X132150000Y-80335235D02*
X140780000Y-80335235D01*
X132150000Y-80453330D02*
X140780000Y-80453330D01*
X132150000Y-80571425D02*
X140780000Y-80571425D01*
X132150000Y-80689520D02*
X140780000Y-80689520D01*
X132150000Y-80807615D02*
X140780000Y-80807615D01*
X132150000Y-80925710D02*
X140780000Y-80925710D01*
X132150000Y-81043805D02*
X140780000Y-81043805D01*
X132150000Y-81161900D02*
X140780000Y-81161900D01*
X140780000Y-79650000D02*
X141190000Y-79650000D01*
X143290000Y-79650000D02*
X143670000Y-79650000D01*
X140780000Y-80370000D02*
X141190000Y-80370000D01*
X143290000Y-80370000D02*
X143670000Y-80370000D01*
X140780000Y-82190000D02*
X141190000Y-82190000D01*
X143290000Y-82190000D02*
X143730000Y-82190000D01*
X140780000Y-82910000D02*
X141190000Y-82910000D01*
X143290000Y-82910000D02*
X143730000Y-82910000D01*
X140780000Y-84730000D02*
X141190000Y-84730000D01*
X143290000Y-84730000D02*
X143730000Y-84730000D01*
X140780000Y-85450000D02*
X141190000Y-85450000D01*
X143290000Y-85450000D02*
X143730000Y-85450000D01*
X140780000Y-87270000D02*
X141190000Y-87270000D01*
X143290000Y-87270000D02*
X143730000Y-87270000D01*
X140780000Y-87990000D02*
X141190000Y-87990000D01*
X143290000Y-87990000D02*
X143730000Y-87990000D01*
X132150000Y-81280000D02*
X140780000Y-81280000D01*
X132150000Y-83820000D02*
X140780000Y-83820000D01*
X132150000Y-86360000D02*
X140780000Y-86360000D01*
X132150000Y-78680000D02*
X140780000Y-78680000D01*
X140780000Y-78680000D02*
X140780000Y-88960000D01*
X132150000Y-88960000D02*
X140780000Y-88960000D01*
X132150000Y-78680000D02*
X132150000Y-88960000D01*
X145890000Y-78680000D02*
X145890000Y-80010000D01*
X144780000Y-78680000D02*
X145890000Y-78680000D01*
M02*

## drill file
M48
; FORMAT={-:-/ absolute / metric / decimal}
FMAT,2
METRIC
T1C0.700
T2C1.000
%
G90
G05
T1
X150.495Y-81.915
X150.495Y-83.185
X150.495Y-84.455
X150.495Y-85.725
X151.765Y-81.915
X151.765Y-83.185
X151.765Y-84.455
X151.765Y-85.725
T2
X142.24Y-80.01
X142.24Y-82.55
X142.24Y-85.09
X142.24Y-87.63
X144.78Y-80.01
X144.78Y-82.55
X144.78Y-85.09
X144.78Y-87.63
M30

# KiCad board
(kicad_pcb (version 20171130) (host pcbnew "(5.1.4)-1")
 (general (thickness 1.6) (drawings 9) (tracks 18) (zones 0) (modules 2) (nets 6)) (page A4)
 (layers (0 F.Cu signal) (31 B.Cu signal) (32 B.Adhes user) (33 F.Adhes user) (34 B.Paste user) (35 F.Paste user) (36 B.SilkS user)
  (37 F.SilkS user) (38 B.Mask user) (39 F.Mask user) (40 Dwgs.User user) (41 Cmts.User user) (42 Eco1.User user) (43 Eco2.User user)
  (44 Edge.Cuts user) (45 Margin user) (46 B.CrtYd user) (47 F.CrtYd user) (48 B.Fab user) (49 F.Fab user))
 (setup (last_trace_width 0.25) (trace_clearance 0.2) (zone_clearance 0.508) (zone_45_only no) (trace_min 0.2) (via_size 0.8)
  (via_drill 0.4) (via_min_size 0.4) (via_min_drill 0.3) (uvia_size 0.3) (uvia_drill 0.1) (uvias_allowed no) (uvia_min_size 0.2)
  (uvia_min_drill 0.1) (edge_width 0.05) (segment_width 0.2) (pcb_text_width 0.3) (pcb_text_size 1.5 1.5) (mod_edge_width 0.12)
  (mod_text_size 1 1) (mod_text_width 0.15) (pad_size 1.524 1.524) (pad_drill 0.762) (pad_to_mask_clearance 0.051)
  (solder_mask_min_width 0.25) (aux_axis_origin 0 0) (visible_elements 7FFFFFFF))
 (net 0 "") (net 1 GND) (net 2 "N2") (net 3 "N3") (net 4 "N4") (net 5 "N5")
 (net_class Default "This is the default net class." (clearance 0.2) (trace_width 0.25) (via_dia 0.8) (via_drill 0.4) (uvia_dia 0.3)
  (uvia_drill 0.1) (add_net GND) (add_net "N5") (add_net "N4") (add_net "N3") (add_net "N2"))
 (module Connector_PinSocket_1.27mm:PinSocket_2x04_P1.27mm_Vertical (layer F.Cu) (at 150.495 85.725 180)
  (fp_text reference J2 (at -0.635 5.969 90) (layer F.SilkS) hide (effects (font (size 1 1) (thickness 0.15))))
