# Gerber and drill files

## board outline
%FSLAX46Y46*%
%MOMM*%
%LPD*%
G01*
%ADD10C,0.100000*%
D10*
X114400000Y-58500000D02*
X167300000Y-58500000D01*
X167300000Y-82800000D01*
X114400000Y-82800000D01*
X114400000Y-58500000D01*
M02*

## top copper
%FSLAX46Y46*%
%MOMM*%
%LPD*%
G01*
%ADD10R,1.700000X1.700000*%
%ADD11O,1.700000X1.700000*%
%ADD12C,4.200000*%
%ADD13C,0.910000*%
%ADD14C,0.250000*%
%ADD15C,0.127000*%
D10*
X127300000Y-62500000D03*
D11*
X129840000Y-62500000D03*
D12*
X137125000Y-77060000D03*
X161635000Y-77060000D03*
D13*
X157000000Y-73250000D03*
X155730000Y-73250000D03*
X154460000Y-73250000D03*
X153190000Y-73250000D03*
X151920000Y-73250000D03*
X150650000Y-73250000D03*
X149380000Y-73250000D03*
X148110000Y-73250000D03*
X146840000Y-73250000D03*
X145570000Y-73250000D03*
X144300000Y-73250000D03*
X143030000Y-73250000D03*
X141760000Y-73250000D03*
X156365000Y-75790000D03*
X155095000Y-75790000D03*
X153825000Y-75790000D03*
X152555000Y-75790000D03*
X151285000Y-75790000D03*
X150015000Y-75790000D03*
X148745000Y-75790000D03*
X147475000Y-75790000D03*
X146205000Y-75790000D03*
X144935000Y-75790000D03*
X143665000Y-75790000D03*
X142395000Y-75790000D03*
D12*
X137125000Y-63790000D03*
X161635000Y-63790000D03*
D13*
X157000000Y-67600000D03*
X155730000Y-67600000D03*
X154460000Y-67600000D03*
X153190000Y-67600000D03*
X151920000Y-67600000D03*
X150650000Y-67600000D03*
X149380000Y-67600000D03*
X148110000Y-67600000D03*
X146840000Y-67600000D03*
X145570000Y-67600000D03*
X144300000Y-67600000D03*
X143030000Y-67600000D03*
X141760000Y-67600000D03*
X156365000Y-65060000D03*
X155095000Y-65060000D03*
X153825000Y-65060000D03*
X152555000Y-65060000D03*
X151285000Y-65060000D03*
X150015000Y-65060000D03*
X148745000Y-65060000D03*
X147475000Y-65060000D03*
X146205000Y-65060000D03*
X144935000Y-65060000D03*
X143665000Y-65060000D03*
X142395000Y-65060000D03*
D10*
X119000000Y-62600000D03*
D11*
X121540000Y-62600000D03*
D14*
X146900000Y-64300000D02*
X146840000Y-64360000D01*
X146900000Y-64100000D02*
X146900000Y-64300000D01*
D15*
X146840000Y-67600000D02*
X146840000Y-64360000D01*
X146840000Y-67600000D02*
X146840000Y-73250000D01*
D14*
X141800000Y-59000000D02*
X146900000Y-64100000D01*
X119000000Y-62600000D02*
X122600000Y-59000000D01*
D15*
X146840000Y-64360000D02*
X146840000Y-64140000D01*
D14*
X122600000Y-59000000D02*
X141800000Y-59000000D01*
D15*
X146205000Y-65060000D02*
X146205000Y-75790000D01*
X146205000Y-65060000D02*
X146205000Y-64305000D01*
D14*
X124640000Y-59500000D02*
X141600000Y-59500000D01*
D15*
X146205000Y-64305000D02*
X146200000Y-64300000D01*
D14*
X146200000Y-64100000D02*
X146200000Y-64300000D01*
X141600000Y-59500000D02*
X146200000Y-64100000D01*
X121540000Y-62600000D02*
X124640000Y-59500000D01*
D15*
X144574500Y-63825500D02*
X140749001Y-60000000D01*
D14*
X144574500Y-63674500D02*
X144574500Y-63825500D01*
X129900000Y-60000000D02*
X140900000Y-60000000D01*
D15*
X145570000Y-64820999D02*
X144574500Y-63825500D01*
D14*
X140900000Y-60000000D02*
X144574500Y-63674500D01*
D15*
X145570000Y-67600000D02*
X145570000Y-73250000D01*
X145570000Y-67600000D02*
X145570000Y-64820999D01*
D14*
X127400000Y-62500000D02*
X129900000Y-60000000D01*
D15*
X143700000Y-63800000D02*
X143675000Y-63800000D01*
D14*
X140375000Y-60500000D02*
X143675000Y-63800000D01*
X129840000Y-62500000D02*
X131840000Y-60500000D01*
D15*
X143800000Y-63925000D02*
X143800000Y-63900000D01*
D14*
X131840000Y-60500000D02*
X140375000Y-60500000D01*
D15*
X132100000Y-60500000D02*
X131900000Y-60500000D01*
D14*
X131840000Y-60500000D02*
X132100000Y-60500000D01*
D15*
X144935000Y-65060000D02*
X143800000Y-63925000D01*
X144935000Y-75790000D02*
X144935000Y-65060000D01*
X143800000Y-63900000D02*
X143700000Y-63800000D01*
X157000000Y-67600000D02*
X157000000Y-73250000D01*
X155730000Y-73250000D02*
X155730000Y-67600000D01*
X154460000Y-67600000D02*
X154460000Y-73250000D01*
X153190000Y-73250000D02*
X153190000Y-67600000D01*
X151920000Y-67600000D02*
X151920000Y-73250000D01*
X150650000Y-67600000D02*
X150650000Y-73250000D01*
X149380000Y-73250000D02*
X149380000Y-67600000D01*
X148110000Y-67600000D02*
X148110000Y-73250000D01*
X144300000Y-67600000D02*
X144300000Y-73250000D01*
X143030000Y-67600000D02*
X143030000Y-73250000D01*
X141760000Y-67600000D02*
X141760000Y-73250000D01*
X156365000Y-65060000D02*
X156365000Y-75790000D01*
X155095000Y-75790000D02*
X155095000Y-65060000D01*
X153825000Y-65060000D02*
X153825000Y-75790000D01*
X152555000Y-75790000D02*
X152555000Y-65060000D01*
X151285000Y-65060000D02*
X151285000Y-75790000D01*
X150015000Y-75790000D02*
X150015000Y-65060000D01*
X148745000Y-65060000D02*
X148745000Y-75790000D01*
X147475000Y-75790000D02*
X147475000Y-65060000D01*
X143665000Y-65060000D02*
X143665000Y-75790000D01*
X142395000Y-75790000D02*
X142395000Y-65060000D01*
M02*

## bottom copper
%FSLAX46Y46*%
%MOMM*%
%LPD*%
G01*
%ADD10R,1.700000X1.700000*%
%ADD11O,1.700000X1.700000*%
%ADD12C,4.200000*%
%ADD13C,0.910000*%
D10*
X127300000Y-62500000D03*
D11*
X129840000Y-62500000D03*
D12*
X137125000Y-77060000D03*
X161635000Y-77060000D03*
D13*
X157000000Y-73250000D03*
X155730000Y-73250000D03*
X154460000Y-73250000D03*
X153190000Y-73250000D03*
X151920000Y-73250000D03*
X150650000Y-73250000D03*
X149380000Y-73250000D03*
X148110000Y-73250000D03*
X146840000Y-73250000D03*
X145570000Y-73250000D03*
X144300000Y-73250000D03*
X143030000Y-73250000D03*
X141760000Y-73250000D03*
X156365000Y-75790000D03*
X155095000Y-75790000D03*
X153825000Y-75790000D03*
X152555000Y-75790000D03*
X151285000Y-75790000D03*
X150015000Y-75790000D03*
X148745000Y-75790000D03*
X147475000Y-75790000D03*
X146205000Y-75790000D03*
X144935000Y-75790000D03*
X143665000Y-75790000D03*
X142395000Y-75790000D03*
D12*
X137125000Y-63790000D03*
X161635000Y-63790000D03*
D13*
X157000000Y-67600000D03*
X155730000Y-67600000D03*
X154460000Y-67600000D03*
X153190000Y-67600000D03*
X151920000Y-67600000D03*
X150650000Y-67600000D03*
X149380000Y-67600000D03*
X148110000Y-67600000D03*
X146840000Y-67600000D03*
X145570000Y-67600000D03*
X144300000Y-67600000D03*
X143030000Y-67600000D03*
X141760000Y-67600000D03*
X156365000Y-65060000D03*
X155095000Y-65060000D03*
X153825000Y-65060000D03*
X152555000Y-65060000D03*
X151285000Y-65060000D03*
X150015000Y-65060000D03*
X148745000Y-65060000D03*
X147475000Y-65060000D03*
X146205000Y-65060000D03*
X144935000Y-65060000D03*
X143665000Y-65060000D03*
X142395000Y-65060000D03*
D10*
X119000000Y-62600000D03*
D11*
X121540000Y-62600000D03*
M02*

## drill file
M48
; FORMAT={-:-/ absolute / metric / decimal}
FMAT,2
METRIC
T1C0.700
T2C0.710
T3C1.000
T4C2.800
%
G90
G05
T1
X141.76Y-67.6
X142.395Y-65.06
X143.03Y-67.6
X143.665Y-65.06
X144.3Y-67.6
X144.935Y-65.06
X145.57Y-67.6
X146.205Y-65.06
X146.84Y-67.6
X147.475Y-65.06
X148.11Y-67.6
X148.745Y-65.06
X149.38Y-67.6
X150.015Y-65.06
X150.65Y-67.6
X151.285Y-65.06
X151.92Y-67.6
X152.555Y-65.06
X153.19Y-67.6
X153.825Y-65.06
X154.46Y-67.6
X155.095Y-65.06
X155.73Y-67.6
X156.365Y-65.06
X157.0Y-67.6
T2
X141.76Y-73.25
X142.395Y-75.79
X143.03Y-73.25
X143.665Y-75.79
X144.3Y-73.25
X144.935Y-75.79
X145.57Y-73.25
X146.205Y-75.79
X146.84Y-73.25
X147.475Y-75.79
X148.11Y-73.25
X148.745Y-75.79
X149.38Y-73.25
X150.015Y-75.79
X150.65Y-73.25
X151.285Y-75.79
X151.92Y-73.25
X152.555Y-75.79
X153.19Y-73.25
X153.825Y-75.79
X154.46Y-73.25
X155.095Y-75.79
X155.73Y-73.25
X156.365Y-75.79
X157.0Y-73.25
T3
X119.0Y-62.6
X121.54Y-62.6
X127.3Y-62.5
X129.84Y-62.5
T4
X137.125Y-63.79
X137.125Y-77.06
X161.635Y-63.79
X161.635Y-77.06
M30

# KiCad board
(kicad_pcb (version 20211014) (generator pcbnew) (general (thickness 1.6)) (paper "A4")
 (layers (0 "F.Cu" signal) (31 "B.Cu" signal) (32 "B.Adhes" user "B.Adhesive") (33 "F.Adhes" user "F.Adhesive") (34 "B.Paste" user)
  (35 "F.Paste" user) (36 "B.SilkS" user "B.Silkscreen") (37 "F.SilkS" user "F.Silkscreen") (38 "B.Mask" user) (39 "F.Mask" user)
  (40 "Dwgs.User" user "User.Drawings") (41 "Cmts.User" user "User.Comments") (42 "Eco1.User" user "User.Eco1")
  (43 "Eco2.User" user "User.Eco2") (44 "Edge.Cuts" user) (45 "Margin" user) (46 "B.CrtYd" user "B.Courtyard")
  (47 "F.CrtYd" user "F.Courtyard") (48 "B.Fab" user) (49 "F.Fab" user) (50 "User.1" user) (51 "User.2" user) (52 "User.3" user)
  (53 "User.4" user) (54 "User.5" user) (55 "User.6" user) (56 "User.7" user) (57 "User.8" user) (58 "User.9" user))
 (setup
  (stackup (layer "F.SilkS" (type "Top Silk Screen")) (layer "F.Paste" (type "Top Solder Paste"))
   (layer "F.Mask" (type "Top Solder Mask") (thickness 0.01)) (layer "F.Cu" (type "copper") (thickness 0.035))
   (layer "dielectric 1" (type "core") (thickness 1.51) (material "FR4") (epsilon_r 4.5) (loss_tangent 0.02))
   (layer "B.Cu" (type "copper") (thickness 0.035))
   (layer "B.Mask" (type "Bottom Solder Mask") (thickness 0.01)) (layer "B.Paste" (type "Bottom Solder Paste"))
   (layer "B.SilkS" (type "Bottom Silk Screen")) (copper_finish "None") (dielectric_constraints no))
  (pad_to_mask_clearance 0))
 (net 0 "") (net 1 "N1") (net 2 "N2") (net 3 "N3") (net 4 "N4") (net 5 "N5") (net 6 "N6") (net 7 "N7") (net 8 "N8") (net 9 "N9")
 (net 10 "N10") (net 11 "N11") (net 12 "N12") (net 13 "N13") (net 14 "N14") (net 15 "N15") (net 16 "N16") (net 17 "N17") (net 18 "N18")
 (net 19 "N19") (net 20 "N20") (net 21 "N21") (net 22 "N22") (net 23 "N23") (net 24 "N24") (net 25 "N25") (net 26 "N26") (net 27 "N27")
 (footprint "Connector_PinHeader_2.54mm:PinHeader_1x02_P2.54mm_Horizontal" (layer "F.Cu") (at 127.3 62.5 90)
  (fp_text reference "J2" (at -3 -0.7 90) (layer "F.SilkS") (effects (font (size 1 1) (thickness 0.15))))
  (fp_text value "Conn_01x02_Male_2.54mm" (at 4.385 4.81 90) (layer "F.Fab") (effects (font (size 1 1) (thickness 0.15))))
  (pad "1" thru_hole rect (at 0 0 90) (size 1.7 1.7) (drill 1) (layers *.Cu *.Mask) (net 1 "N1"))
  (pad "2" thru_hole oval (at 0 2.54 90) (size 1.7 1.7) (drill 1) (layers *.Cu *.Mask) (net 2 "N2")))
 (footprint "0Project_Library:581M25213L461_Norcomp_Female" (layer "F.Cu") (at 157 73.25)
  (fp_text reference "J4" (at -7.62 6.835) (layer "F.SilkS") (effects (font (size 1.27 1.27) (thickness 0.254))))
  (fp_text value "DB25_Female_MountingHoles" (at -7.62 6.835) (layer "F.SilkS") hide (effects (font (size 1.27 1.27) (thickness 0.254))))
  (pad "0" thru_hole circle (at -19.875 3.81) (size 4.2 4.2) (drill 2.8) (layers *.Cu *.Mask) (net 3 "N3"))
  (pad "0" thru_hole circle (at 4.635 3.81) (size 4.2 4.2) (drill 2.8) (layers *.Cu *.Mask) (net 3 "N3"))
  (pad "1" thru_hole circle (at 0 0) (size 0.91 0.91) (drill 0.71) (layers *.Cu *.Mask) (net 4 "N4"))
  (pad "2" thru_hole circle (at -1.27 0) (size 0.91 0.91) (drill 0.71) (layers *.Cu *.Mask) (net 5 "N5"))
  (pad "3" thru_hole circle (at -2.54 0) (size 0.91 0.91) (drill 0.71) (layers *.Cu *.Mask) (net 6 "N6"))
  (pad "4" thru_hole circle (at -3.81 0) (size 0.91 0.91) (drill 0.71) (layers *.Cu *.Mask) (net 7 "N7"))
  (pad "5" thru_hole circle (at -5.08 0) (size 0.91 0.91) (drill 0.71) (layers *.Cu *.Mask) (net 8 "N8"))
  (pad "6" thru_hole circle (at -6.35 0) (size 0.91 0.91) (drill 0.71) (layers *.Cu *.Mask) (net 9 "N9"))
  (pad "7" thru_hole circle (at -7.62 0) (size 0.91 0.91) (drill 0.71) (layers *.Cu *.Mask) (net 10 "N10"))
  (pad "8" thru_hole circle (at -8.89 0) (size 0.91 0.91) (drill 0.71) (layers *.Cu *.Mask) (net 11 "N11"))
  (pad "9" thru_hole circle (at -10.16 0) (size 0.91 0.91) (drill 0.71) (layers *.Cu *.Mask) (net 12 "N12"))
  (pad "10" thru_hole circle (at -11.43 0) (size 0.91 0.91) (drill 0.71) (layers *.Cu *.Mask) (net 1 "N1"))
  (pad "11" thru_hole circle (at -12.7 0) (size 0.91 0.91) (drill 0.71) (layers *.Cu *.Mask) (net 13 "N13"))
  (pad "12" thru_hole circle (at -13.97 0) (size 0.91 0.91) (drill 0.71) (layers *.Cu *.Mask) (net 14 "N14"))
  (pad "13" thru_hole circle (at -15.24 0) (size 0.91 0.91) (drill 0.71) (layers *.Cu *.Mask) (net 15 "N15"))
  (pad "14" thru_hole circle (at -0.635 2.54) (size 0.91 0.91) (drill 0.71) (layers *.Cu *.Mask) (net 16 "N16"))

——

What needs to be done
Repeat the entries above verbatim, but only from the line that has "(37 F.SilkS user)" down to the line that has "X114400000Y-58500000D02*", inclusive.

Final answer
  (37 F.SilkS user) (38 B.Mask user) (39 F.Mask user) (40 Dwgs.User user) (41 Cmts.User user) (42 Eco1.User user) (43 Eco2.User user)
  (44 Edge.Cuts user) (45 Margin user) (46 B.CrtYd user) (47 F.CrtYd user) (48 B.Fab user) (49 F.Fab user))
 (setup (last_trace_width 0.25) (trace_clearance 0.2) (zone_clearance 0.508) (zone_45_only no) (trace_min 0.2) (via_size 0.8)
  (via_drill 0.4) (via_min_size 0.4) (via_min_drill 0.3) (uvia_size 0.3) (uvia_drill 0.1) (uvias_allowed no) (uvia_min_size 0.2)
  (uvia_min_drill 0.1) (edge_width 0.05) (segment_width 0.2) (pcb_text_width 0.3) (pcb_text_size 1.5 1.5) (mod_edge_width 0.12)
  (mod_text_size 1 1) (mod_text_width 0.15) (pad_size 1.524 1.524) (pad_drill 0.762) (pad_to_mask_clearance 0.051)
  (solder_mask_min_width 0.25) (aux_axis_origin 0 0) (visible_elements 7FFFFFFF))
 (net 0 "") (net 1 GND) (net 2 "N2") (net 3 "N3") (net 4 "N4") (net 5 "N5")
 (net_class Default "This is the default net class." (clearance 0.2) (trace_width 0.25) (via_dia 0.8) (via_drill 0.4) (uvia_dia 0.3)
  (uvia_drill 0.1) (add_net GND) (add_net "N5") (add_net "N4") (add_net "N3") (add_net "N2"))
 (module Connector_PinSocket_1.27mm:PinSocket_2x04_P1.27mm_Vertical (layer F.Cu) (at 150.495 85.725 180)
  (fp_text reference J2 (at -0.635 5.969 90) (layer F.SilkS) hide (effects (font (size 1 1) (thickness 0.15))))
# Gerber and drill files

## board outline
%FSLAX46Y46*%
%MOMM*%
%LPD*%
G01*
%ADD10C,0.100000*%
D10*
X114400000Y-58500000D02*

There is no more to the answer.